___ Material provided
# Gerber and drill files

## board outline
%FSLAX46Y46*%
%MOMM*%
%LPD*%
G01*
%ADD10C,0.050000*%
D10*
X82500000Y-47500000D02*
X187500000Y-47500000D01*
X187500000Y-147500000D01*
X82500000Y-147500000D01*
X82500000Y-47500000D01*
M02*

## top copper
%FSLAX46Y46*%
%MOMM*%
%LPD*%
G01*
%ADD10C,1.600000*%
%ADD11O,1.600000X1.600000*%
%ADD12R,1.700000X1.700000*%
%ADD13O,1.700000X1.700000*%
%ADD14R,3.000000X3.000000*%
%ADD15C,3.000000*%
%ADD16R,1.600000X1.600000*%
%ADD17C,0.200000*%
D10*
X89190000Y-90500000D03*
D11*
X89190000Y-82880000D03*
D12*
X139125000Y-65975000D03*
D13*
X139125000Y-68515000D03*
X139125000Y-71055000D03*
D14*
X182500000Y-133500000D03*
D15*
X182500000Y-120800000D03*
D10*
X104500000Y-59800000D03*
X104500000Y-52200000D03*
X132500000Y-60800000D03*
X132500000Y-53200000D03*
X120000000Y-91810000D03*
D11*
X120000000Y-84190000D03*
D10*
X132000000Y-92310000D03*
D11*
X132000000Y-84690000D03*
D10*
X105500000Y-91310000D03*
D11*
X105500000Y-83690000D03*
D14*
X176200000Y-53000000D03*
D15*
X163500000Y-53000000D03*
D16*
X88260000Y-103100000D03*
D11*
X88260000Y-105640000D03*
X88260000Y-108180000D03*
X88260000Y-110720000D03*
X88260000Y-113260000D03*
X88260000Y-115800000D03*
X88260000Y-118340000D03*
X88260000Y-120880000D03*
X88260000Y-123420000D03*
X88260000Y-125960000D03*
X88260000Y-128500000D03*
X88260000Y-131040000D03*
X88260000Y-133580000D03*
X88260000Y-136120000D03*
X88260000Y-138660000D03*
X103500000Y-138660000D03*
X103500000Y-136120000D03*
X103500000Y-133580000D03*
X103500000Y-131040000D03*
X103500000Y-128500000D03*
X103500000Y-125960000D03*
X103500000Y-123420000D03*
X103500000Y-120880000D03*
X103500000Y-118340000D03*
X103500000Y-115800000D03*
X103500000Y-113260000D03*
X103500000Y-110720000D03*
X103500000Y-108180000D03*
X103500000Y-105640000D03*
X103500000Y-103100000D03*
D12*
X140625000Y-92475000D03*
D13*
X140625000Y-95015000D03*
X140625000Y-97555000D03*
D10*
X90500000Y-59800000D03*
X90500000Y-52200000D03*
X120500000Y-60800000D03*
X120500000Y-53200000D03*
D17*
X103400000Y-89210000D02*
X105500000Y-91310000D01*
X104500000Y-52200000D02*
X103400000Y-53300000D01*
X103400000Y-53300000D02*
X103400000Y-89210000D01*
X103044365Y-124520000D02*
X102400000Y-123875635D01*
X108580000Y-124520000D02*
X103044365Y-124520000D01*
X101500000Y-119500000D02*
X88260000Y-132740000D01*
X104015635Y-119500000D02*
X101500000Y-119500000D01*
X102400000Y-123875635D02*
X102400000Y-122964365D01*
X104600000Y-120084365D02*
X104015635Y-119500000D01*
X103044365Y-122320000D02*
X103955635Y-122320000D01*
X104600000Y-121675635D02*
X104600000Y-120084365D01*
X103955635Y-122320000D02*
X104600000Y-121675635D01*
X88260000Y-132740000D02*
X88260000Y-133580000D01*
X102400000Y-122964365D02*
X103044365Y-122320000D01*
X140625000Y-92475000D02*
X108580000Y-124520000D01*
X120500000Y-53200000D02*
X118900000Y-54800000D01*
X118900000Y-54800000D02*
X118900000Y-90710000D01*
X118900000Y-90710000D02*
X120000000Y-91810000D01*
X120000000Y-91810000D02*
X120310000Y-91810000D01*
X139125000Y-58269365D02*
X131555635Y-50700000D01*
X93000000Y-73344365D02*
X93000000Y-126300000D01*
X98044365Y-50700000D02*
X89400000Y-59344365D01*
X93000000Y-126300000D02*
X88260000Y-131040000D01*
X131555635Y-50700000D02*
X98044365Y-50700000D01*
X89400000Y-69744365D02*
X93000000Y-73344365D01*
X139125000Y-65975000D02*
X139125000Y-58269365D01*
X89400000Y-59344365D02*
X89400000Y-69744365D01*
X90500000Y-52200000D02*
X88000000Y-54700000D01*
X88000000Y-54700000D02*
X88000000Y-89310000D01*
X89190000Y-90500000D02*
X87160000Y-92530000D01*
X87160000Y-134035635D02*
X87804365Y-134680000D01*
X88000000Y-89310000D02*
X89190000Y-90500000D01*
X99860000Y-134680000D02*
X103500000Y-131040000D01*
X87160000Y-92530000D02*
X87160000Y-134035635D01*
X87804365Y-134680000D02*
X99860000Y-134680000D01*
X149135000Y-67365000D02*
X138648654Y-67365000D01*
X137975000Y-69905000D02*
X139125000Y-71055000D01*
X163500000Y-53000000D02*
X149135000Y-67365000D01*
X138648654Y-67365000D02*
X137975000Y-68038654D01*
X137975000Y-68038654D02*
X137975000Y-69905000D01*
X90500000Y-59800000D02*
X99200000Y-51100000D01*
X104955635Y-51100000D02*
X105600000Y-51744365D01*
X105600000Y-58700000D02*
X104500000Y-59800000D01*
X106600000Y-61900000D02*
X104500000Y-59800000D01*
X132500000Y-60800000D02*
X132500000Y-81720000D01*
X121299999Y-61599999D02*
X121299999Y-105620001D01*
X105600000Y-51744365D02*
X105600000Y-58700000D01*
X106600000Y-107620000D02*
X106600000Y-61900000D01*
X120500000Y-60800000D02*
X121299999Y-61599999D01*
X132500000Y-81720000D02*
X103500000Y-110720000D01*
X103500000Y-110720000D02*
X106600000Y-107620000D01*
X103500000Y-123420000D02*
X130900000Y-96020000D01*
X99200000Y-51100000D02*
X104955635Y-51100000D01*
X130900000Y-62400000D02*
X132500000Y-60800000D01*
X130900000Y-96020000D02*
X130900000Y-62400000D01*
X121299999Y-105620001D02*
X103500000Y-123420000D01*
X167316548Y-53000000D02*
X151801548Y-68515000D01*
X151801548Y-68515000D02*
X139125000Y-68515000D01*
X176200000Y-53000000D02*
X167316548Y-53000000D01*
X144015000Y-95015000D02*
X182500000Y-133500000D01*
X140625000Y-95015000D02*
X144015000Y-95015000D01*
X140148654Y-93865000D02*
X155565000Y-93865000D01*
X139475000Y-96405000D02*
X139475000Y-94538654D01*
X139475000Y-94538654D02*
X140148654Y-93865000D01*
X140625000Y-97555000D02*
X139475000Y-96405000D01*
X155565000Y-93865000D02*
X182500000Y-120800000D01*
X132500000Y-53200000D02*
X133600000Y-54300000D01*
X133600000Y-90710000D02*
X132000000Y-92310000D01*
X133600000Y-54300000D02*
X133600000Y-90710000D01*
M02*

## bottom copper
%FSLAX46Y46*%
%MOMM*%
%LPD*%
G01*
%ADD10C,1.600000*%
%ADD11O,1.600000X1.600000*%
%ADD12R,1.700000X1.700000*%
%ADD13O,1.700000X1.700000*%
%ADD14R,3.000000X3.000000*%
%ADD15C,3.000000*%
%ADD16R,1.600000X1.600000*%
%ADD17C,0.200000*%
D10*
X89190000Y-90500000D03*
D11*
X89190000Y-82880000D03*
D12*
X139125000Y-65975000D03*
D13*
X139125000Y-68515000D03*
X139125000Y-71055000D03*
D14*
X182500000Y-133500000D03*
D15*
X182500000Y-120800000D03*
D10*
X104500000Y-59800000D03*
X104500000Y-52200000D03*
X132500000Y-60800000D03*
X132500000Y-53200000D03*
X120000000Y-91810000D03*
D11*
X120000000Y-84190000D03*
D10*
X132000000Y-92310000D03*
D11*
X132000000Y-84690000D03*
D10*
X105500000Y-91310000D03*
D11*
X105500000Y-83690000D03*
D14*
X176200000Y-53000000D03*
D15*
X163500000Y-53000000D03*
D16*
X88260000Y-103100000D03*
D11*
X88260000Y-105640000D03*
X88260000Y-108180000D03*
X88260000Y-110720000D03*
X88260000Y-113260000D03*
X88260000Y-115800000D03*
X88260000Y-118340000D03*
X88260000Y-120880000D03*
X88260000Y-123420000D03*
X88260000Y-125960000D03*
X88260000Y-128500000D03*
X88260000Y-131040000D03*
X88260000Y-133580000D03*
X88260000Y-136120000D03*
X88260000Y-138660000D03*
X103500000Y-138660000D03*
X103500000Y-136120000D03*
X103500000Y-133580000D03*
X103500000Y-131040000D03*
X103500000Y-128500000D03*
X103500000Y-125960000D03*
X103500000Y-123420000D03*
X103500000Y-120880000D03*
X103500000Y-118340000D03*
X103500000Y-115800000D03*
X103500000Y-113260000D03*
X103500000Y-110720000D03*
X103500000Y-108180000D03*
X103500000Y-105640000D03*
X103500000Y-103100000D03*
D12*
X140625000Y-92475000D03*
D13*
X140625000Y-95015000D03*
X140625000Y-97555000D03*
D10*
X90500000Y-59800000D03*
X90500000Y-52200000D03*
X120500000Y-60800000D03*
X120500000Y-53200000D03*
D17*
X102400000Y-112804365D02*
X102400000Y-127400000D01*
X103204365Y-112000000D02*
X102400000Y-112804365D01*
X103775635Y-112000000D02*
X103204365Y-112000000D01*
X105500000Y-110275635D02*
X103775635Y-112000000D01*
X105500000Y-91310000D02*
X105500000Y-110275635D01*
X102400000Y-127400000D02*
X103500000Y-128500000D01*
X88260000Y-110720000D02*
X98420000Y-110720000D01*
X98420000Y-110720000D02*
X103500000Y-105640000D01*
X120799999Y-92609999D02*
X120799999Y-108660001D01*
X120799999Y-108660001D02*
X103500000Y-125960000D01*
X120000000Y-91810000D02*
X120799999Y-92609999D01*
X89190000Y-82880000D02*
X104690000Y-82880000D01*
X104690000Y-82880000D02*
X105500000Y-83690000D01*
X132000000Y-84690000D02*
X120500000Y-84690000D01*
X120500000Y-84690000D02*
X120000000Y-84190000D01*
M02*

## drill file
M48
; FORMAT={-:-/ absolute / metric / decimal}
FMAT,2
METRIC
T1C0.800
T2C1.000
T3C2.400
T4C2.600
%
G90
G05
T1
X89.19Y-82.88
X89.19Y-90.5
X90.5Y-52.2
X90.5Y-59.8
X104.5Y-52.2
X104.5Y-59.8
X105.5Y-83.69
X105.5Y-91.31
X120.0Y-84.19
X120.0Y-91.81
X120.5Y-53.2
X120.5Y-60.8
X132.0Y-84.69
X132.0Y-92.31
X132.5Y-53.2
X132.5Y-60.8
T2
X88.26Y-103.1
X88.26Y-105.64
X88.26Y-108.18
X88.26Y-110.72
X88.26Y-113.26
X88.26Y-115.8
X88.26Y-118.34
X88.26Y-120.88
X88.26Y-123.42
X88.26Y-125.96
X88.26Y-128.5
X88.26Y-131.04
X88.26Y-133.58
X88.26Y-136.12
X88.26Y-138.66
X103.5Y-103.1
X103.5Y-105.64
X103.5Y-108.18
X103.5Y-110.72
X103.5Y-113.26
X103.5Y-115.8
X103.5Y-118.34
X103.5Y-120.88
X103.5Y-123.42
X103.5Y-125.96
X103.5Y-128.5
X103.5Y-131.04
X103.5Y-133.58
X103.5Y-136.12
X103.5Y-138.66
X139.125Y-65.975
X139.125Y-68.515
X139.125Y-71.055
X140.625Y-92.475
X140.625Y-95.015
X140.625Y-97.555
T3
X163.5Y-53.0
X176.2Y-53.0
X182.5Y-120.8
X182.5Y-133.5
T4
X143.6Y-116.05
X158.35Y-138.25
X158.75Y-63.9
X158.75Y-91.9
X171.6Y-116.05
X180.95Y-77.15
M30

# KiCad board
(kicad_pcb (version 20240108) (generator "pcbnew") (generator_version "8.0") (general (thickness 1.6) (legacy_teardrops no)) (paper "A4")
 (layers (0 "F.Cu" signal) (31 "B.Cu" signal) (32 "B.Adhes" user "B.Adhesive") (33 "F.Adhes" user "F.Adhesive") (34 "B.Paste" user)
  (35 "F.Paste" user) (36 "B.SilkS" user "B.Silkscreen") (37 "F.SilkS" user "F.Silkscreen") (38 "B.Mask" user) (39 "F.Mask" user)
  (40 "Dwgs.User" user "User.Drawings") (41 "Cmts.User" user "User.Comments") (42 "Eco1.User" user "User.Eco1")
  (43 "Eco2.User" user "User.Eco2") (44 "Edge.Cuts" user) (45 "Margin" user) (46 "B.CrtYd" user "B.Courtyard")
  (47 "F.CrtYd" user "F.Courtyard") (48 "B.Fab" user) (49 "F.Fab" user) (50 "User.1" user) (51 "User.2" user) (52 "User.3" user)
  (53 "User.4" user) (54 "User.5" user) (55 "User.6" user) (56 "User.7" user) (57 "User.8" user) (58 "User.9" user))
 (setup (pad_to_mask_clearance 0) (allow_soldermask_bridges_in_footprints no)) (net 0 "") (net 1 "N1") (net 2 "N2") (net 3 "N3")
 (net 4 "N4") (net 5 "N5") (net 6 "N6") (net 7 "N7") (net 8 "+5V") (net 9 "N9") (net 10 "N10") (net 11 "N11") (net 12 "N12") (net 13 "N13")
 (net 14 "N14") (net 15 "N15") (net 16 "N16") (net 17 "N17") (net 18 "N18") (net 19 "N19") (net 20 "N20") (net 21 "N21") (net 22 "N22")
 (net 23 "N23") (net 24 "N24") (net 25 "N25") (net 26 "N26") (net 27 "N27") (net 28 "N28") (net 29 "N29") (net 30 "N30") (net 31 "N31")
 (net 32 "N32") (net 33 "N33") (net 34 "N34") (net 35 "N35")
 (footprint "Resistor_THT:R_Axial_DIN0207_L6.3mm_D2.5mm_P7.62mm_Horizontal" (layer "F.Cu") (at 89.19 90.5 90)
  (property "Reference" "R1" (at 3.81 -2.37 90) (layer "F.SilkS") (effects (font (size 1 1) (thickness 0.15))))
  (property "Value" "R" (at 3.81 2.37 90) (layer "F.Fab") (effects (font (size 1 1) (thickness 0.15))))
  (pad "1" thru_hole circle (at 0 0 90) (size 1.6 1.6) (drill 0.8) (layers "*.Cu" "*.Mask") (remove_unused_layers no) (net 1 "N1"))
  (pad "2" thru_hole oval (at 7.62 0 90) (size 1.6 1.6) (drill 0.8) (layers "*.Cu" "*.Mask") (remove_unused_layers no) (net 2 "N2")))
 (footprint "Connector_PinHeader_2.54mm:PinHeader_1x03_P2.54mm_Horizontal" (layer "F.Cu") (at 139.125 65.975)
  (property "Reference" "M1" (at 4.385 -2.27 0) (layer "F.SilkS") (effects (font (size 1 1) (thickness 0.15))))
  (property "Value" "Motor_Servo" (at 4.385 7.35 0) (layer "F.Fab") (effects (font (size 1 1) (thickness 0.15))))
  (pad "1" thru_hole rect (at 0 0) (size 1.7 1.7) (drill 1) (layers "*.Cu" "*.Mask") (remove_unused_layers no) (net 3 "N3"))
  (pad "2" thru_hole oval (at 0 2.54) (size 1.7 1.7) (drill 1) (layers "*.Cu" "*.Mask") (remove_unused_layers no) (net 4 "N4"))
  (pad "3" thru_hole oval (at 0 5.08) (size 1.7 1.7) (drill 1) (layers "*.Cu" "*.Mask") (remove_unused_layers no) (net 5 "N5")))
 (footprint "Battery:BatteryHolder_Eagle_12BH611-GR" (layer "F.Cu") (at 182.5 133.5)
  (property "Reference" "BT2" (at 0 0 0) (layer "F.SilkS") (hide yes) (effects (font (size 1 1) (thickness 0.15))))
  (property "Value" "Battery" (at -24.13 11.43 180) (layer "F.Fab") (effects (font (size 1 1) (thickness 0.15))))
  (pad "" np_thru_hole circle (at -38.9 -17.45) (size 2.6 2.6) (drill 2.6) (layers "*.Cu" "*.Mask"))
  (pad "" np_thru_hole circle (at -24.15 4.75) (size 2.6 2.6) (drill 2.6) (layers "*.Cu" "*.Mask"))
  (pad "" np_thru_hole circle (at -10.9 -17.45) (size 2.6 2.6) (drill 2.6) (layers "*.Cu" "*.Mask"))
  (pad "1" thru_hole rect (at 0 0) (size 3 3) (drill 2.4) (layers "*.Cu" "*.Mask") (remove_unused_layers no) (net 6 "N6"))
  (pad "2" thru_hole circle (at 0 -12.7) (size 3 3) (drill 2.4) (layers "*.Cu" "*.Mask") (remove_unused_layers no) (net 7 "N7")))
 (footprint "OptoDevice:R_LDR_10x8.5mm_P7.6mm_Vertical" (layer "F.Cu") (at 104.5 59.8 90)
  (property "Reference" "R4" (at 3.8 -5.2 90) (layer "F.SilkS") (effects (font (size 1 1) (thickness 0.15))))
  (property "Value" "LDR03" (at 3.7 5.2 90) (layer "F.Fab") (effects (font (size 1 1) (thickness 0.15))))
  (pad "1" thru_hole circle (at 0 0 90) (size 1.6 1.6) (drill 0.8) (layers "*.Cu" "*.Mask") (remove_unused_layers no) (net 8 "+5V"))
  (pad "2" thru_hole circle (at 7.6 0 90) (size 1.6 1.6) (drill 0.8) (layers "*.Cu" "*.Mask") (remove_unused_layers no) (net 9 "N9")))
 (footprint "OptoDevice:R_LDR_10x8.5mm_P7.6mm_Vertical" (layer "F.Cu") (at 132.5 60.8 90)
______
_Activity_
Could you find every line in the records above that has the string "CrtYd" and copy it?

_Output below_
  (43 "Eco2.User" user "User.Eco2") (44 "Edge.Cuts" user) (45 "Margin" user) (46 "B.CrtYd" user "B.Courtyard")
  (47 "F.CrtYd" user "F.Courtyard") (48 "B.Fab" user) (49 "F.Fab" user) (50 "User.1" user) (51 "User.2" user) (52 "User.3" user)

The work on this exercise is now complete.